An autonomous car is a vehicle capable of sensing its environment and operating without human involvement. A human passenger is not required to take control of the vehicle at any time, nor is a human passenger required to be present in the vehicle at all. An autonomous car can go anywhere a traditional car goes and do everything that an experienced human driver does.
Autonomous cars rely on sensors, actuators, complex algorithms, machine learning systems, and powerful processors to execute software.
Autonomous cars create and maintain a map of their surroundings based on a variety of sensors situated in different parts of the vehicle. Radar sensors monitor the position of nearby vehicles. Video cameras detect traffic lights, read road signs, track other vehicles, and look for pedestrians. Lidar (light detection and ranging) sensors bounce pulses of light off the car’s surroundings to measure distances, detect road edges, and identify lane markings. Ultrasonic sensors in the wheels detect curbs and other vehicles when parking.
Sophisticated software then processes all this sensory input, plots a path, and sends instructions to the car’s actuators, which control acceleration, braking, and steering. Hard-coded rules, obstacle avoidance algorithms, predictive modeling, and object recognition help the software follow traffic rules and navigate obstacles.
The scenarios for convenience and quality-of-life improvements are limitless. The elderly and the physically disabled would have independence. If your kids were at summer camp and forgot their bathing suits and toothbrushes, the car could bring them the missing items. You could even send your dog to a veterinary appointment.
But the real promise of autonomous cars is the potential for dramatically lowering CO2 emissions. In a recent study, experts identified three trends that, if adopted concurrently, would unleash the full potential of autonomous cars: vehicle automation, vehicle electrification, and ridesharing. By 2050, these “three revolutions in urban transportation” could:
- Reduce traffic congestion (30% fewer vehicles on the road)
- Cut transportation costs by 40% (in terms of vehicles, fuel, and infrastructure)
- Improve walkability and livability
- Free up parking lots for other uses (schools, parks, community centers)
- Reduce urban CO2 emissions by 80% worldwide
The concept of Vision Transformer (ViT) is an extension of the original concept of Transformer. It is only the application of Transformer in the image domain with slight modification in the implementation in order to handle the different data modality. More specifically, a ViT uses different methods for tokenization and embedding. However, the generic architecture remains the same. An input image is split into a set of image patches, called visual tokens. The visual tokens are embedded into a set of encoded vectors of fixed dimension. The position of a patch in the image is embedded along with the encoded vector and fed into the transformer encoder network which is essentially the same as the one responsible for processing the text input.
There are multiple blocks in the ViT encoder and each block consists of three major processing elements: Layer Norm, Multi-head Attention Network (MSP) and Multi-Layer Perceptrons (MLP). Layer Norm keeps the training process on track and let model adapt to the variations among the training images. MSP is a network responsible for generation of attention maps from the given embedded visual tokens. These attention maps help network focus on most important regions in the image such as object(s).

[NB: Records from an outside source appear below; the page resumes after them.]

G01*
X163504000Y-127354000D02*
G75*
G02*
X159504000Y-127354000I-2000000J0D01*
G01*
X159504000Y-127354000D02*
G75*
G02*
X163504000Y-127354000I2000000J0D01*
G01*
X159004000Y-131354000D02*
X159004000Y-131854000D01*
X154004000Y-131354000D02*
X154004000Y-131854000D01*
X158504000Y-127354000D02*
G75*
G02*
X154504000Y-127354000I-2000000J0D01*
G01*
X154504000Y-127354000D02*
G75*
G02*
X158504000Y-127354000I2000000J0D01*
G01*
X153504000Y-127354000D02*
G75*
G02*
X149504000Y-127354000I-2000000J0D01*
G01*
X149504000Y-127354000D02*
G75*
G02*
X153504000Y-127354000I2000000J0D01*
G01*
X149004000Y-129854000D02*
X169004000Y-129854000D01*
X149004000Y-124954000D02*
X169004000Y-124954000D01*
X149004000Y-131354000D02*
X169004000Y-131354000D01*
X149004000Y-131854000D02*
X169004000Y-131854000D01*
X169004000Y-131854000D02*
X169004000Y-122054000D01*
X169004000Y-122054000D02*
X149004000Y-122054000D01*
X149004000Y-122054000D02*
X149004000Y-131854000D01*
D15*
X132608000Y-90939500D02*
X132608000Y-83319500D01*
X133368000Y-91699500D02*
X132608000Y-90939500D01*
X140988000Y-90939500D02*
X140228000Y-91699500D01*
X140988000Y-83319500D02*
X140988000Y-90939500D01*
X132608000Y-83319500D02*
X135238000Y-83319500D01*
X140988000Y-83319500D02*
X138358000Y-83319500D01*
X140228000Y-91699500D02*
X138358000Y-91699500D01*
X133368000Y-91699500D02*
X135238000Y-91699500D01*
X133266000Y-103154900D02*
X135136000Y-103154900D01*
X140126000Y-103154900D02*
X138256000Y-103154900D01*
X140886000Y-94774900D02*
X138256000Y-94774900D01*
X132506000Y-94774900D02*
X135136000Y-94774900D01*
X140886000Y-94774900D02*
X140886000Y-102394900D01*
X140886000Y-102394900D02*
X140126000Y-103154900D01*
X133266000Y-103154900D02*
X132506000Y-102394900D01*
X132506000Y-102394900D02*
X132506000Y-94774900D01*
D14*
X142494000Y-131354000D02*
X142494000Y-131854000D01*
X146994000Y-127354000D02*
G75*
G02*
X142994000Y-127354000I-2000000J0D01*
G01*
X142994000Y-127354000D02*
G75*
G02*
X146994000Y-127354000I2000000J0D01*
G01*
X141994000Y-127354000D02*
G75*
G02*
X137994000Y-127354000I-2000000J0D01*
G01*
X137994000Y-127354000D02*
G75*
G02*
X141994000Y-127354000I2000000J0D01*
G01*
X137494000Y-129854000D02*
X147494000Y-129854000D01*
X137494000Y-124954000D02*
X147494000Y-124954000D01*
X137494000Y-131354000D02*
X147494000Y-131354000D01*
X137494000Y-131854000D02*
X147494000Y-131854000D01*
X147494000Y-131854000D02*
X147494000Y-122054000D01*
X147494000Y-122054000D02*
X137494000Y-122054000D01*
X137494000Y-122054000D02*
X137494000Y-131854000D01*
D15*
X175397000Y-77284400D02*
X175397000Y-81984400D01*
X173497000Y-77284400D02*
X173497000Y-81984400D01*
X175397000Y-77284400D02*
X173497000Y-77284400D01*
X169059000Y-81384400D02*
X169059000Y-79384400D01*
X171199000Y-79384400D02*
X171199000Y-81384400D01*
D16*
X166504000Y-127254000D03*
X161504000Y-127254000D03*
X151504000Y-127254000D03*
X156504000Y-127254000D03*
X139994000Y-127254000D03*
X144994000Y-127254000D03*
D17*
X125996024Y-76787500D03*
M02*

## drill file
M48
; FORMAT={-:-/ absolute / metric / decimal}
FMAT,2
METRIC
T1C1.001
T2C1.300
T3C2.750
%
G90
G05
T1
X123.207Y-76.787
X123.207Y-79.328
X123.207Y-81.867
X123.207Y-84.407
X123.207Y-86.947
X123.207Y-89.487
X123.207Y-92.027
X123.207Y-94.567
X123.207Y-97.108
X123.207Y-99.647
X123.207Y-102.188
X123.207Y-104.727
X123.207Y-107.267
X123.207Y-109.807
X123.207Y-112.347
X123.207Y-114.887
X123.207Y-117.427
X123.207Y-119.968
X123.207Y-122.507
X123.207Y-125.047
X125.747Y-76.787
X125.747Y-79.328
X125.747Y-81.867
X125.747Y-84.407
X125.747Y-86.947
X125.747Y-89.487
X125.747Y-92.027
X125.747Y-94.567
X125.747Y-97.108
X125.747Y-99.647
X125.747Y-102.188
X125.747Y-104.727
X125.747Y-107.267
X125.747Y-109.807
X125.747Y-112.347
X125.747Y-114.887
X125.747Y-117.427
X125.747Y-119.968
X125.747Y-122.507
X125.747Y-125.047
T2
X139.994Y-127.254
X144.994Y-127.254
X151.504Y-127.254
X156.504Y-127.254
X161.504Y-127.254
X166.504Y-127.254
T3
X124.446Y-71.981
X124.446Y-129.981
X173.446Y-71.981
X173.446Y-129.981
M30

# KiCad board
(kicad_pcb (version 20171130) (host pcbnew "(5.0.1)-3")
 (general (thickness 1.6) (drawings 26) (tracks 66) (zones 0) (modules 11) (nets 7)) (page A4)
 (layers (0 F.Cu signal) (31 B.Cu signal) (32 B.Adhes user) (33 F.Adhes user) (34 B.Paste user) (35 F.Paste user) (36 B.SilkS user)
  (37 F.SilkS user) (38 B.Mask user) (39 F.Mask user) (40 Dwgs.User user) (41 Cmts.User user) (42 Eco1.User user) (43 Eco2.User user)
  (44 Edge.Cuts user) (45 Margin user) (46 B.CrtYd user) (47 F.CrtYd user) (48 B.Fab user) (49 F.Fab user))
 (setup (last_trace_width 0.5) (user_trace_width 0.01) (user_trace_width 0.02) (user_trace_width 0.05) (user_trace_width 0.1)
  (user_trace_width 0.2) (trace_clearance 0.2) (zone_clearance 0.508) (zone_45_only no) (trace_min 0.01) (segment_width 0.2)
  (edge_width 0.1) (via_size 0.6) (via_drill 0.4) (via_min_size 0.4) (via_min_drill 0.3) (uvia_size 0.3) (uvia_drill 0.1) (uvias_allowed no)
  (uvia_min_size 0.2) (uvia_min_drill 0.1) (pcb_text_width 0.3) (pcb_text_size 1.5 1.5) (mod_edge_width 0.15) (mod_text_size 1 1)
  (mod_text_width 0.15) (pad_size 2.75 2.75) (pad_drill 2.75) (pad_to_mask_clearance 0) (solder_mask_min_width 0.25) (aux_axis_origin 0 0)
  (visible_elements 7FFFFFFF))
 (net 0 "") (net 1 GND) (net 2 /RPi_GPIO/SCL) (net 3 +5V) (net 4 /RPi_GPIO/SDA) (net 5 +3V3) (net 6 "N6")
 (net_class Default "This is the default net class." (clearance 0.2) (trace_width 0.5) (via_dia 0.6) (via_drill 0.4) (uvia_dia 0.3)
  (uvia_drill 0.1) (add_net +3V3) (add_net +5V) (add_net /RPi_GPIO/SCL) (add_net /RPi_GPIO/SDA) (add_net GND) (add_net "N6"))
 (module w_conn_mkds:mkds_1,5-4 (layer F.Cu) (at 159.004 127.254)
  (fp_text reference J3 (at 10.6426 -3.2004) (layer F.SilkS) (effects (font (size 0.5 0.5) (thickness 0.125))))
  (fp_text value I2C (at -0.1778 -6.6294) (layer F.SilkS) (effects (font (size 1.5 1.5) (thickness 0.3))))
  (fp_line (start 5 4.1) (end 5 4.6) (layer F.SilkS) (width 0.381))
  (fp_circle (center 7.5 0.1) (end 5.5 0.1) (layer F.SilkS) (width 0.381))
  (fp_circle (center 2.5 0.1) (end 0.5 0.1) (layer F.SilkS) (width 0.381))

The differences between CNNs and Vision Transformers are many and lie mainly in their architectural differences. In fact, CNNs achieve excellent results even with training based on data volumes that are not as large as those required by Vision Transformers. This different behaviour seems to derive from the presence in the CNNs of some inductive biases that can be somehow exploited by these networks to grasp more quickly the particularities of the analysed images even if, on the other hand, they end up limiting them making it more complex to grasp global relations.

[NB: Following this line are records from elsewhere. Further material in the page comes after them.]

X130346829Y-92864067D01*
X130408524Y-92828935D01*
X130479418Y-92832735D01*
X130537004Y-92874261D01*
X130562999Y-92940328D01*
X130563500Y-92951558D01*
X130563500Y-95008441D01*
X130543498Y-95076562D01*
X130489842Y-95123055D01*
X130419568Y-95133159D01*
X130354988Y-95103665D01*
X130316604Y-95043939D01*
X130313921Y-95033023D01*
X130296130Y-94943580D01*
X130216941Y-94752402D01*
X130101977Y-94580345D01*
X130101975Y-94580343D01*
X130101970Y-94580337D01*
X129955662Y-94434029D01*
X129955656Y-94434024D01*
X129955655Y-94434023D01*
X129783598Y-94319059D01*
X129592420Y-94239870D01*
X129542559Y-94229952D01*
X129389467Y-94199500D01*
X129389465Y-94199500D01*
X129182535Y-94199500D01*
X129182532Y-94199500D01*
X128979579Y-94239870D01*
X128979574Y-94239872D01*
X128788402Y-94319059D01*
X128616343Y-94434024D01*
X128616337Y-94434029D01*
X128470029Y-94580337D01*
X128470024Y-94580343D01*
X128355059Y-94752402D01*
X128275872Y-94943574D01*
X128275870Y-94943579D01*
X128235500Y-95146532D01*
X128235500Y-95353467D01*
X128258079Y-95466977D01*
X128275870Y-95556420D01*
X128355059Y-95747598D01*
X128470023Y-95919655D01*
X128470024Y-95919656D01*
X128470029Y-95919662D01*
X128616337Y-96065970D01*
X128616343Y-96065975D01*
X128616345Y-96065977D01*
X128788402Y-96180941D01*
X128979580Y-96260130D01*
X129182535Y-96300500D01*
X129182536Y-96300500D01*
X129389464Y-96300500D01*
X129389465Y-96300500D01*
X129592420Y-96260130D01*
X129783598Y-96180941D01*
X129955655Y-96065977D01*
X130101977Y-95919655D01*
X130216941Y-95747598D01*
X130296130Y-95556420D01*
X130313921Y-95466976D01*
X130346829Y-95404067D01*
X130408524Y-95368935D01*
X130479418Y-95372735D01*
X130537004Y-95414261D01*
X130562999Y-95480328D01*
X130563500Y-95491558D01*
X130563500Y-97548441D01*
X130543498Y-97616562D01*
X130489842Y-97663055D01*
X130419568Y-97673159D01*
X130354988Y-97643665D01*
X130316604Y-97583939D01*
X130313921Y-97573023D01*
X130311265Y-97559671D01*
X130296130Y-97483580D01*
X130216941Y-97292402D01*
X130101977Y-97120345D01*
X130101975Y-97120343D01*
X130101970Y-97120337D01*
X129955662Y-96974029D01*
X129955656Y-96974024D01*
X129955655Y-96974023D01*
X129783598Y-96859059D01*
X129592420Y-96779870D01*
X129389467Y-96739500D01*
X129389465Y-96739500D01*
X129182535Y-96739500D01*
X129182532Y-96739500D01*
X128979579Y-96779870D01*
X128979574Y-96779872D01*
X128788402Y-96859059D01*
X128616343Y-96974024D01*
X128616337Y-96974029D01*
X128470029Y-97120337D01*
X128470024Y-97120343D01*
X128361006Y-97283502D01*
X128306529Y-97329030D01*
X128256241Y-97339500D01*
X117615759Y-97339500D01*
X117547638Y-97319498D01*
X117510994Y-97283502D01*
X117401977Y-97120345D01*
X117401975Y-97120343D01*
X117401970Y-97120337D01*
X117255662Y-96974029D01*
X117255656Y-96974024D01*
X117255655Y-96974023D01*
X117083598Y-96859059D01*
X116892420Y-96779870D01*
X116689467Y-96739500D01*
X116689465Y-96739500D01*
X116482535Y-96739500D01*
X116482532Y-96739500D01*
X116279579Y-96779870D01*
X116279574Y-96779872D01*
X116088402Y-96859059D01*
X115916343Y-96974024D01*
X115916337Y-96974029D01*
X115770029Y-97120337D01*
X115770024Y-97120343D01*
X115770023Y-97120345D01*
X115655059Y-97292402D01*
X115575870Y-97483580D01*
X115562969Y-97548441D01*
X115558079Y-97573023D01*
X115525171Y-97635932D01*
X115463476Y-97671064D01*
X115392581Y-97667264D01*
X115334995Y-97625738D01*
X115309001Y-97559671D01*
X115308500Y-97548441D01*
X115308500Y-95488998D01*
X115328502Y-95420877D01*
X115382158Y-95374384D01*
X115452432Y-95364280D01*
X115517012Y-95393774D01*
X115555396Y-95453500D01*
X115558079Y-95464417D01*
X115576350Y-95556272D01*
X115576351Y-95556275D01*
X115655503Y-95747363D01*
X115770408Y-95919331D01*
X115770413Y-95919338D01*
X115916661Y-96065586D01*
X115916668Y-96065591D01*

On the other hand, the Vision Transformers are free from these biases which leads them to be able to capture also global and wider range relations but at the cost of a more onerous training in terms of data. Vision Transformers also proved to be much more robust to input image distortions such as adversarial patches or permutations. However, choosing one architecture over another is not always the wisest choice, and excellent results have been obtained in several Computer Vision tasks through hybrid architectures combining convolutional layers with Vision Transformers.
In 2016 nvidia introduced End-to-End Deep Learning for Self-Driving Cars paper which used 3 camera provided images as input and the steering value as output and used CNN based model in order to take the decision.

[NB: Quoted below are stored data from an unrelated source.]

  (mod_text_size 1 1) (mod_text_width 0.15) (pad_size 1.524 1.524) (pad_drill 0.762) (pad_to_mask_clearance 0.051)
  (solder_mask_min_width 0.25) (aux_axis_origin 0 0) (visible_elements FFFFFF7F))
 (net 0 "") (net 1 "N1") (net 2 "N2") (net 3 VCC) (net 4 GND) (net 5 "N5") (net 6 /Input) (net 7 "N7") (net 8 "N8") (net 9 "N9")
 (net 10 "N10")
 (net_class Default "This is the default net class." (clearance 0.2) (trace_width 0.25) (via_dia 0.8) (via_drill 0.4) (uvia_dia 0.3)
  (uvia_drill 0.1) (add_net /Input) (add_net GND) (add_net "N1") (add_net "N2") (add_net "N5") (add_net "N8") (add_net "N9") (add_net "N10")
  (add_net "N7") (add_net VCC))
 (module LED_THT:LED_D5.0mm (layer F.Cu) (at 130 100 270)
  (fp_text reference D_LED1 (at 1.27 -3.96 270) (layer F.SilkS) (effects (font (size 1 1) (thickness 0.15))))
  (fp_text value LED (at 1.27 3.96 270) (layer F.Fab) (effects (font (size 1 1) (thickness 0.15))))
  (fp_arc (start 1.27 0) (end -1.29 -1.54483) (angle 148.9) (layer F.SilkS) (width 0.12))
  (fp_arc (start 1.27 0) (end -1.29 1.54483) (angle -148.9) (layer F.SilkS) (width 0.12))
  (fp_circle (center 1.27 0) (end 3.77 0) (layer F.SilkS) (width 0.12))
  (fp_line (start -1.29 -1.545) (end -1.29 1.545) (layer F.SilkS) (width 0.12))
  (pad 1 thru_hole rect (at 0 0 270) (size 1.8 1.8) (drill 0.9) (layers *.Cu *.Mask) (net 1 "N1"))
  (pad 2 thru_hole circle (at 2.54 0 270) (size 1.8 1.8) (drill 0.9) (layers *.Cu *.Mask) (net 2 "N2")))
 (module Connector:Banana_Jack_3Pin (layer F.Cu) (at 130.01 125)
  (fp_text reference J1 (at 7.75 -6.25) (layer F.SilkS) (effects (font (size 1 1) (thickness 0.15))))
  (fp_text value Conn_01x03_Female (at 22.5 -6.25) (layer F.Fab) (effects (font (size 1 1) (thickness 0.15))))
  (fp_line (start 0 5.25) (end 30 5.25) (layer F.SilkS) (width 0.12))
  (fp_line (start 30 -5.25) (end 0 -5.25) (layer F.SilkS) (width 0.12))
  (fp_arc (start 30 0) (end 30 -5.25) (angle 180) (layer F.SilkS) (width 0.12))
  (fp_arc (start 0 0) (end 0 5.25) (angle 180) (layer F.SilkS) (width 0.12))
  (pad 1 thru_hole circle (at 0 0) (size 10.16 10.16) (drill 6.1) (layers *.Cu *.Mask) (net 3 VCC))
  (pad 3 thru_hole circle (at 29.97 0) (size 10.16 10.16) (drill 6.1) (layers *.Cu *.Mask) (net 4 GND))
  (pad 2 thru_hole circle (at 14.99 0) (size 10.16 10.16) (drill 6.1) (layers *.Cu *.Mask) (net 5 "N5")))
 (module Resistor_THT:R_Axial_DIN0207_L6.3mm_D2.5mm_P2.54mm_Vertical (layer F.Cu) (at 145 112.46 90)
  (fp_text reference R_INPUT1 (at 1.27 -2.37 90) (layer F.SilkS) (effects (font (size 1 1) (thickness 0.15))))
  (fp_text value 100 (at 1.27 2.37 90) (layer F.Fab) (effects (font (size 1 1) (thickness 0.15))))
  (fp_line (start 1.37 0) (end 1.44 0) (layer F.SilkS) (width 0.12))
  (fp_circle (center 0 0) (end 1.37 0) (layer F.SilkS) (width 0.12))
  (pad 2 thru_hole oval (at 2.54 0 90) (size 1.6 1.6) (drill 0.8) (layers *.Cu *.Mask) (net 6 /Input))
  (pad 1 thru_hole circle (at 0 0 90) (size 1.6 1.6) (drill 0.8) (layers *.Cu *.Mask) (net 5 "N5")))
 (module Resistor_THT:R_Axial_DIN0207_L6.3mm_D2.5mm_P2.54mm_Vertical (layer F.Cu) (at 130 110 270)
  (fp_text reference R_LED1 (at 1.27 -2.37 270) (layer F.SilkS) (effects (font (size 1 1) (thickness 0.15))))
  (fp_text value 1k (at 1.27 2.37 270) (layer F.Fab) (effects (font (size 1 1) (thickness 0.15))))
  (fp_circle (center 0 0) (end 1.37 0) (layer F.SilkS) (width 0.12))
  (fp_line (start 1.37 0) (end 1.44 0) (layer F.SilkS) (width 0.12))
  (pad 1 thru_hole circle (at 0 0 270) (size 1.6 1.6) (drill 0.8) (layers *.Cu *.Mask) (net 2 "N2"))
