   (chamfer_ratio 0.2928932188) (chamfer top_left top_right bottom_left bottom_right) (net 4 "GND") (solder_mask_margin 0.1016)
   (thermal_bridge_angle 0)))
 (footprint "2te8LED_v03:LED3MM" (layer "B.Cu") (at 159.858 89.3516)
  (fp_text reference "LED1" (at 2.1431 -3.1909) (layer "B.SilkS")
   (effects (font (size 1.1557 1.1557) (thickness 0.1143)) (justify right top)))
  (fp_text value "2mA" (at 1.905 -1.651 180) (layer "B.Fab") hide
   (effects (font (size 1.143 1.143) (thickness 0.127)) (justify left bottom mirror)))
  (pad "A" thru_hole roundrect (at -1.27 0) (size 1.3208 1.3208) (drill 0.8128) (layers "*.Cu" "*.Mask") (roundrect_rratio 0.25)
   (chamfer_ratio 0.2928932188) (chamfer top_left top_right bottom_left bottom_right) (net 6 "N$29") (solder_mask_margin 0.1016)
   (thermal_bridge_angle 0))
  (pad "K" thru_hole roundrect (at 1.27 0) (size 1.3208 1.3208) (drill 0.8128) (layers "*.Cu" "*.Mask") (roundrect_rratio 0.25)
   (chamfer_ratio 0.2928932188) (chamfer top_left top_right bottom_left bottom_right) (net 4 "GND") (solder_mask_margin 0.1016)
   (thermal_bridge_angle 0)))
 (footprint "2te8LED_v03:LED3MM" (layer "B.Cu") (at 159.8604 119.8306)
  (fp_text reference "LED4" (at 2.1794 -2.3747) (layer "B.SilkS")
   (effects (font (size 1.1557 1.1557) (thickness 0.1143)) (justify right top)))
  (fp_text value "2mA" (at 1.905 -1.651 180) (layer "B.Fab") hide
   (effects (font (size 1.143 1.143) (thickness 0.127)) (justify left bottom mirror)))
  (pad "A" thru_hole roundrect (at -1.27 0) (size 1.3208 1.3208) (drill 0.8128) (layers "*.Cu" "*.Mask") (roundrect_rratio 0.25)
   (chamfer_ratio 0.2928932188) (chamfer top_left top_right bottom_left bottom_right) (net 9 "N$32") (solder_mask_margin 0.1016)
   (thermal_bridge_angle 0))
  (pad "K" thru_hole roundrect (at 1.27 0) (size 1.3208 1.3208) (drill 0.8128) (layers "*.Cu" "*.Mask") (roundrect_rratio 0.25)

In our own implementation we will be developing a ViT instead of the CNN used in the paper. In general self driving car technologies have advanced in the last years exponentially and most of the solutions now are based on reinforcement learning but in this implementaion we will be formulating the problem in a supervised manner with the hardware scheme presented in the paper mentioned before.
The data collection process in the original data was based on real scinareos of driving on a wide variety of roads and in a diverse set of lighting and weather conditions. We gathered surface street data in central New Jersey and highway data from Illinois, Michigan, Pennsylvania, and New York. Other road types include two-lane roads (with and without lane markings), residential roads with parked cars, tunnels, and unpaved roads. In our implementation here we will be using Udacity simulator provided specially for this purpose.